Electrical – What wire size for 125A Subpanel

electrical

Service at Main panel is 200A. Subpanel is 125A. Want 100A delivered to Subpanel 100ft away (run). Can I use 100A breaker in Main and run 2-2-2-4 wire to the lugs in the 125A Subpanel?

Best Answer

Make sure your subpanel has enough spaces

The #1 mistake sizing subpanels is getting just enough spaces to do the job today. Then later, they try to add more loads, particularly 240V loads that gobble up 2 spaces each... and they find a full panel. This is made even worse by the allure of "12 spaces/24 circuits" - that second figure has been a complete lie for several years, now that most circuits need AFCI or GFCI breakers, which take a full space.

"Running out of breaker spaces" should simply never happen, given that extra breaker spaces cost less than $2 each today. Spend $30 extra and get a nice, big panel. Aim to finish with at least 50% of spaces unused.

Don't use copper

The #2 mistake is using copper wire for feeder. That's just silly. Not only is aluminum proven and reliable for feeder, the old feeders never had problems from being aluminum, not only did they improve the metallurgy, but the lugs are aluminum. So the clever novice creates the dissimilar metal matchup instead of avoiding it.

Copper is also wastefully expensive compared to aluminum, which creates an irony if the person also cheaped out on a small panel. whoo, saved $30, wasted $400.

Honestly the main reason copper feeder exists is consumers affected by the aluminum ooga-booga. Like many moral panics, there is a nugget of truth at the center of it, but it applies to small-appliance branch circuits only (receptacles, lighting, dryers etc.), and is easily managed. No home inspector is ever going to blink an eye at a 100A aluminum feeder.

Aluminum is a very lightweight material, almost 1/4 the weight of copper, with fewer atoms spaced farther apart. Atoms are what carry electricity, so the wires need to be physically larger (by 2 numerical wire sizes). Even so, the wire is notably lighter.

Wire sizes

First, at 100' of distance, you do not need a wire size "bump" for voltage drop. The wire salesmen love to exploit two misconceptions: First, you shouldn't compute voltage drop based on breaker trip, but rather on practical load, i.e. what you actually expect to run. (and the breaker should be at least 125% of that, for Code reasons). Second, 3% is not in Code anywhere, and it's ridiculous. Very often, the voltage drop calcs will force you to bump wire size at 3.01% drop - the smaller size would compute to 3.35% drop, and that's perfectly fine. 4.15% is fine. 5.03% is allowable. Code is concerned with total voltage drop from the meter to the final outlet; don't allow that to exceed 8% without a good reason.

Anyway, you're nowhere near to even needing to think about voltage drop. Even the wire salesman won't recommend a bump before 115'.

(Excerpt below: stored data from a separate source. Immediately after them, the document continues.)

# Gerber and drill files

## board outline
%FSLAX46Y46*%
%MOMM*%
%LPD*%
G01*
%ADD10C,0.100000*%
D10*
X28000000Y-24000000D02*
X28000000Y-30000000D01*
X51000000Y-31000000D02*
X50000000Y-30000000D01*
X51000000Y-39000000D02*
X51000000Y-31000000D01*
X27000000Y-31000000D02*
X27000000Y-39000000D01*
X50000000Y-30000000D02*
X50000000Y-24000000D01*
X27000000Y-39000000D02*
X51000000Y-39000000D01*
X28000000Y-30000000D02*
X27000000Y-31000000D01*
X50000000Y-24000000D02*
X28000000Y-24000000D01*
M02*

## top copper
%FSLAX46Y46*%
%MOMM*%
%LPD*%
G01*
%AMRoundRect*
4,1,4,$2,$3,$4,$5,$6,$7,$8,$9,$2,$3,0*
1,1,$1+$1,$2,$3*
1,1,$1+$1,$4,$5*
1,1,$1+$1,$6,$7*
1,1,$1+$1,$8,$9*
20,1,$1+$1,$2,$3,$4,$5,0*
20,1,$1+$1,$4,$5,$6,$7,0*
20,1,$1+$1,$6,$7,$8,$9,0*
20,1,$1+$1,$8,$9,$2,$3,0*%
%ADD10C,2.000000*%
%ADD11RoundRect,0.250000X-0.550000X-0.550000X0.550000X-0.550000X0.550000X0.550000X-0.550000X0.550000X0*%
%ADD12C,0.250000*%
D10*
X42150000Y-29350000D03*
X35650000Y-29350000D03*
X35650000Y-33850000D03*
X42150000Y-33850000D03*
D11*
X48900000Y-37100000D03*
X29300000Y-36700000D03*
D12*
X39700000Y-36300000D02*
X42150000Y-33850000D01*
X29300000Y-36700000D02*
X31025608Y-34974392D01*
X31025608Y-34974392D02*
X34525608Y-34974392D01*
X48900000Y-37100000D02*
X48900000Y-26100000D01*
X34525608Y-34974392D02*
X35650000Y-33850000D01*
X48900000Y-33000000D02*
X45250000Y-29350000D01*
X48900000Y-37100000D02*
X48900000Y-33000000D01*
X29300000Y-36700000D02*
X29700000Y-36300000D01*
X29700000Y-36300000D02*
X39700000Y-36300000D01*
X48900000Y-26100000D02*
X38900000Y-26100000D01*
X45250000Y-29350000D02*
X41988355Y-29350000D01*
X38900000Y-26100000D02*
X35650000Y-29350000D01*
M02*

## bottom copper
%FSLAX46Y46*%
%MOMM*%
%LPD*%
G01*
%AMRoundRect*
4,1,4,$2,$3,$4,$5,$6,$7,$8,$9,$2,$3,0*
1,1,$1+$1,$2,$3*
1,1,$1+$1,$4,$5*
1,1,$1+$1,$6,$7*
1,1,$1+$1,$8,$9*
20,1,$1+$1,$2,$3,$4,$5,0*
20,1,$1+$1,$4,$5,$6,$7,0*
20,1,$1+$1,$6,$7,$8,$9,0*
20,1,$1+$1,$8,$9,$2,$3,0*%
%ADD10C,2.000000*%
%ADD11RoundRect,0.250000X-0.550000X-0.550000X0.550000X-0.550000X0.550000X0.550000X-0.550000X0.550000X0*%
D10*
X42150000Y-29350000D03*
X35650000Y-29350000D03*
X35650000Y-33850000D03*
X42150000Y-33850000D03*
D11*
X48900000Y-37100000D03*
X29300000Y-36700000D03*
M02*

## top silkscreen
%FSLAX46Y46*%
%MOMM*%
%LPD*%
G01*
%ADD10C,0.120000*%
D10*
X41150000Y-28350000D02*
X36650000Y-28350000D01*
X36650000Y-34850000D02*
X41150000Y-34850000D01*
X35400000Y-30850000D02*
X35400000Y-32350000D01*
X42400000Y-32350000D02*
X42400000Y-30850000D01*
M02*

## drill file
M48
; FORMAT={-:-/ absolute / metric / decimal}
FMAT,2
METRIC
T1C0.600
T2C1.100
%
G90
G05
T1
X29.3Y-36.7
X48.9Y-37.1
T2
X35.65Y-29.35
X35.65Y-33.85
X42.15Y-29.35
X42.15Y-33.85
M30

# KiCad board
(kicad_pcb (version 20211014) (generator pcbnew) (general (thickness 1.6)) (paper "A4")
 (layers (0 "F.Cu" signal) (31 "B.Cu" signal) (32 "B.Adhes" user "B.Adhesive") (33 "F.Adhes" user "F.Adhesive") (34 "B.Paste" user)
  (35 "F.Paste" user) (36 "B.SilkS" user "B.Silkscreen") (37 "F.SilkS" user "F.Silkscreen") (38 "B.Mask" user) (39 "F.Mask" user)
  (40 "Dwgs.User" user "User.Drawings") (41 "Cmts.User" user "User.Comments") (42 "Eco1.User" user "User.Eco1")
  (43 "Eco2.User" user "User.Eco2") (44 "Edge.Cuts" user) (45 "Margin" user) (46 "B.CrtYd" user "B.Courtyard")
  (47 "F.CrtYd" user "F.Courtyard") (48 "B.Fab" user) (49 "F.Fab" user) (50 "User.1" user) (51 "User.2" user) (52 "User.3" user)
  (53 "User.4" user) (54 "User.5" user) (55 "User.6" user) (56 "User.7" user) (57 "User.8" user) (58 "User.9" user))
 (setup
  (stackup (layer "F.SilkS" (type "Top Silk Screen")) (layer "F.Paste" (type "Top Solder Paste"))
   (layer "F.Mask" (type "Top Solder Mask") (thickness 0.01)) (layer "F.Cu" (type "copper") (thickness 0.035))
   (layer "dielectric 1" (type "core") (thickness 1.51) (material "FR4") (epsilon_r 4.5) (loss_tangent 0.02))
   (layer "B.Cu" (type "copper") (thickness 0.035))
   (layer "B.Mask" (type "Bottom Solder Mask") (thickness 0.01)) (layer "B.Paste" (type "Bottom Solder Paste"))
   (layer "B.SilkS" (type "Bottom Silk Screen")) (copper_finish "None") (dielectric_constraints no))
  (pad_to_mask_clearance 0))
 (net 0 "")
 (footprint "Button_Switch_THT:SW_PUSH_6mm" (layer "F.Cu") (at 35.65 29.35)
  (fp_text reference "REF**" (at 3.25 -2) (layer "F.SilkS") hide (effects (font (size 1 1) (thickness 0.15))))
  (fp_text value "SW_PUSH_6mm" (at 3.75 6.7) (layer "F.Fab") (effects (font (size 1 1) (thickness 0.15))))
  (fp_line (start 5.5 -1) (end 1 -1) (layer "F.SilkS") (width 0.12))
  (fp_line (start 1 5.5) (end 5.5 5.5) (layer "F.SilkS") (width 0.12))
  (fp_line (start -0.25 1.5) (end -0.25 3) (layer "F.SilkS") (width 0.12))
  (fp_line (start 6.75 3) (end 6.75 1.5) (layer "F.SilkS") (width 0.12))
  (pad "1" thru_hole circle (at 6.5 0 90) (size 2 2) (drill 1.1) (layers *.Cu *.Mask))
  (pad "1" thru_hole circle (at 0 0 90) (size 2 2) (drill 1.1) (layers *.Cu *.Mask))
  (pad "2" thru_hole circle (at 0 4.5 90) (size 2 2) (drill 1.1) (layers *.Cu *.Mask))
  (pad "2" thru_hole circle (at 6.5 4.5 90) (size 2 2) (drill 1.1) (layers *.Cu *.Mask)))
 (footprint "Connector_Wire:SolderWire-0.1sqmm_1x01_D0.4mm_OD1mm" (layer "F.Cu") (at 48.9 37.1)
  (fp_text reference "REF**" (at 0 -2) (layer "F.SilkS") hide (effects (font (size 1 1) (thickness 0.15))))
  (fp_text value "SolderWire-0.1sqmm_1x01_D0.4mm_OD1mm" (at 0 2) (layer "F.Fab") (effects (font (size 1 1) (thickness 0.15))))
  (pad "1" thru_hole roundrect (at 0 0) (size 1.6 1.6) (drill 0.6) (layers *.Cu *.Mask) (roundrect_rratio 0.15625)))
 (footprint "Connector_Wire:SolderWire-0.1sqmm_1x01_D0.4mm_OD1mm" (layer "F.Cu") (at 29.3 36.7)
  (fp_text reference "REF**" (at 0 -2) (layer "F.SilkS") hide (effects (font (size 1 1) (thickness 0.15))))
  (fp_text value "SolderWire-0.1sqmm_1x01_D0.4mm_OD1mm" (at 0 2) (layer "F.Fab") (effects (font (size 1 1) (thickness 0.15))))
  (pad "1" thru_hole roundrect (at 0 0) (size 1.6 1.6) (drill 0.6) (layers *.Cu *.Mask) (roundrect_rratio 0.15625)))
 (gr_line (start 28 24) (end 28 30) (layer "Edge.Cuts") (width 0.1))
 (gr_line (start 51 31) (end 50 30) (layer "Edge.Cuts") (width 0.1))
 (gr_line (start 51 39) (end 51 31) (layer "Edge.Cuts") (width 0.1))
 (gr_line (start 27 31) (end 27 39) (layer "Edge.Cuts") (width 0.1))
 (gr_line (start 50 30) (end 50 24) (layer "Edge.Cuts") (width 0.1))
 (gr_line (start 27 39) (end 51 39) (layer "Edge.Cuts") (width 0.1))
 (gr_line (start 28 30) (end 27 31) (layer "Edge.Cuts") (width 0.1))
 (gr_line (start 50 24) (end 28 24) (layer "Edge.Cuts") (width 0.1))
 (segment (start 39.7 36.3) (end 42.15 33.85) (width 0.25) (layer "F.Cu") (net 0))
 (segment (start 29.3 36.7) (end 31.025608 34.974392) (width 0.25) (layer "F.Cu") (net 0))
 (segment (start 31.025608 34.974392) (end 34.525608 34.974392) (width 0.25) (layer "F.Cu") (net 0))
 (segment (start 48.9 37.1) (end 48.9 26.1) (width 0.25) (layer "F.Cu") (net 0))
 (segment (start 34.525608 34.974392) (end 35.65 33.85) (width 0.25) (layer "F.Cu") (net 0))
 (segment (start 48.9 33) (end 45.25 29.35) (width 0.25) (layer "F.Cu") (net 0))
 (segment (start 48.9 37.1) (end 48.9 33) (width 0.25) (layer "F.Cu") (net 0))
 (segment (start 29.3 36.7) (end 29.7 36.3) (width 0.25) (layer "F.Cu") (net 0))
 (segment (start 29.7 36.3) (end 39.7 36.3) (width 0.25) (layer "F.Cu") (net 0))
 (segment (start 48.9 26.1) (end 38.9 26.1) (width 0.25) (layer "F.Cu") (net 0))
 (segment (start 45.25 29.35) (end 41.988355 29.35) (width 0.25) (layer "F.Cu") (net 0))
 (segment (start 38.9 26.1) (end 35.65 29.35) (width 0.25) (layer "F.Cu") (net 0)))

Given that you are at 100A, you just pull it out of NEC Table 310.15(B)(16). Use the 75 degree C column, unless you have a cable type which mandates use of the 60 degree C column. And, you round up to the next available breaker size. That means usually:

  • 100A is #3 copper ($600/100ft) or #1 aluminum ($175/100ft).
  • 125A is #1 copper or #1/0 aluminum (table ampacity is slightly less, but you get to round up).

As you know, the subpanel ampacity can be greater than the feed breaker ampacity. You don't need a main breaker in the sub, if it's in the same building.

Oh. You're in PVC conduit.

Okay. Change of plan for the wires, then.

You want to use individual wires not cable. (the outer jacket makes cable very stiff - too stiff for achievable pulling through conduit. It can be done but you'll need an electrician's truck full of pulling tools, and the whole point of DIY is not needing to call the electrician, eh? :)

In this case, you use individual wires. Such as XHHW-2, THWN-2, or USE-2. (the "2" just means it's the 2nd revision of the spec for the insulation, and as such, gives it more features, such as higher temperature.)

You aren't stuck with the cable's default ground wire size. You can use any ground wire that NEC permits (6 AWG Cu or 4 AWG Al). Since it's an outbuilding, you will need the ground wire in addition to the ground rods. Both are mandatory; one takes human-generated fault current back to source, and the other takes natural lightning/static electricity to earth (which is its source).

If you just bought the cable, then cut off a few inches and see if the wires are individually labeled with markings. If so, you can remove the sheath and use the wires in any application their markings allow.

If you need to run some of it openly (e.g. on joists as cable) and some in conduit, you either do the works in cable (hard pull; get bigger conduit, it'll help!) or you can transition from one wire type to the other in any appropriate (large here) junction box with permitted splices.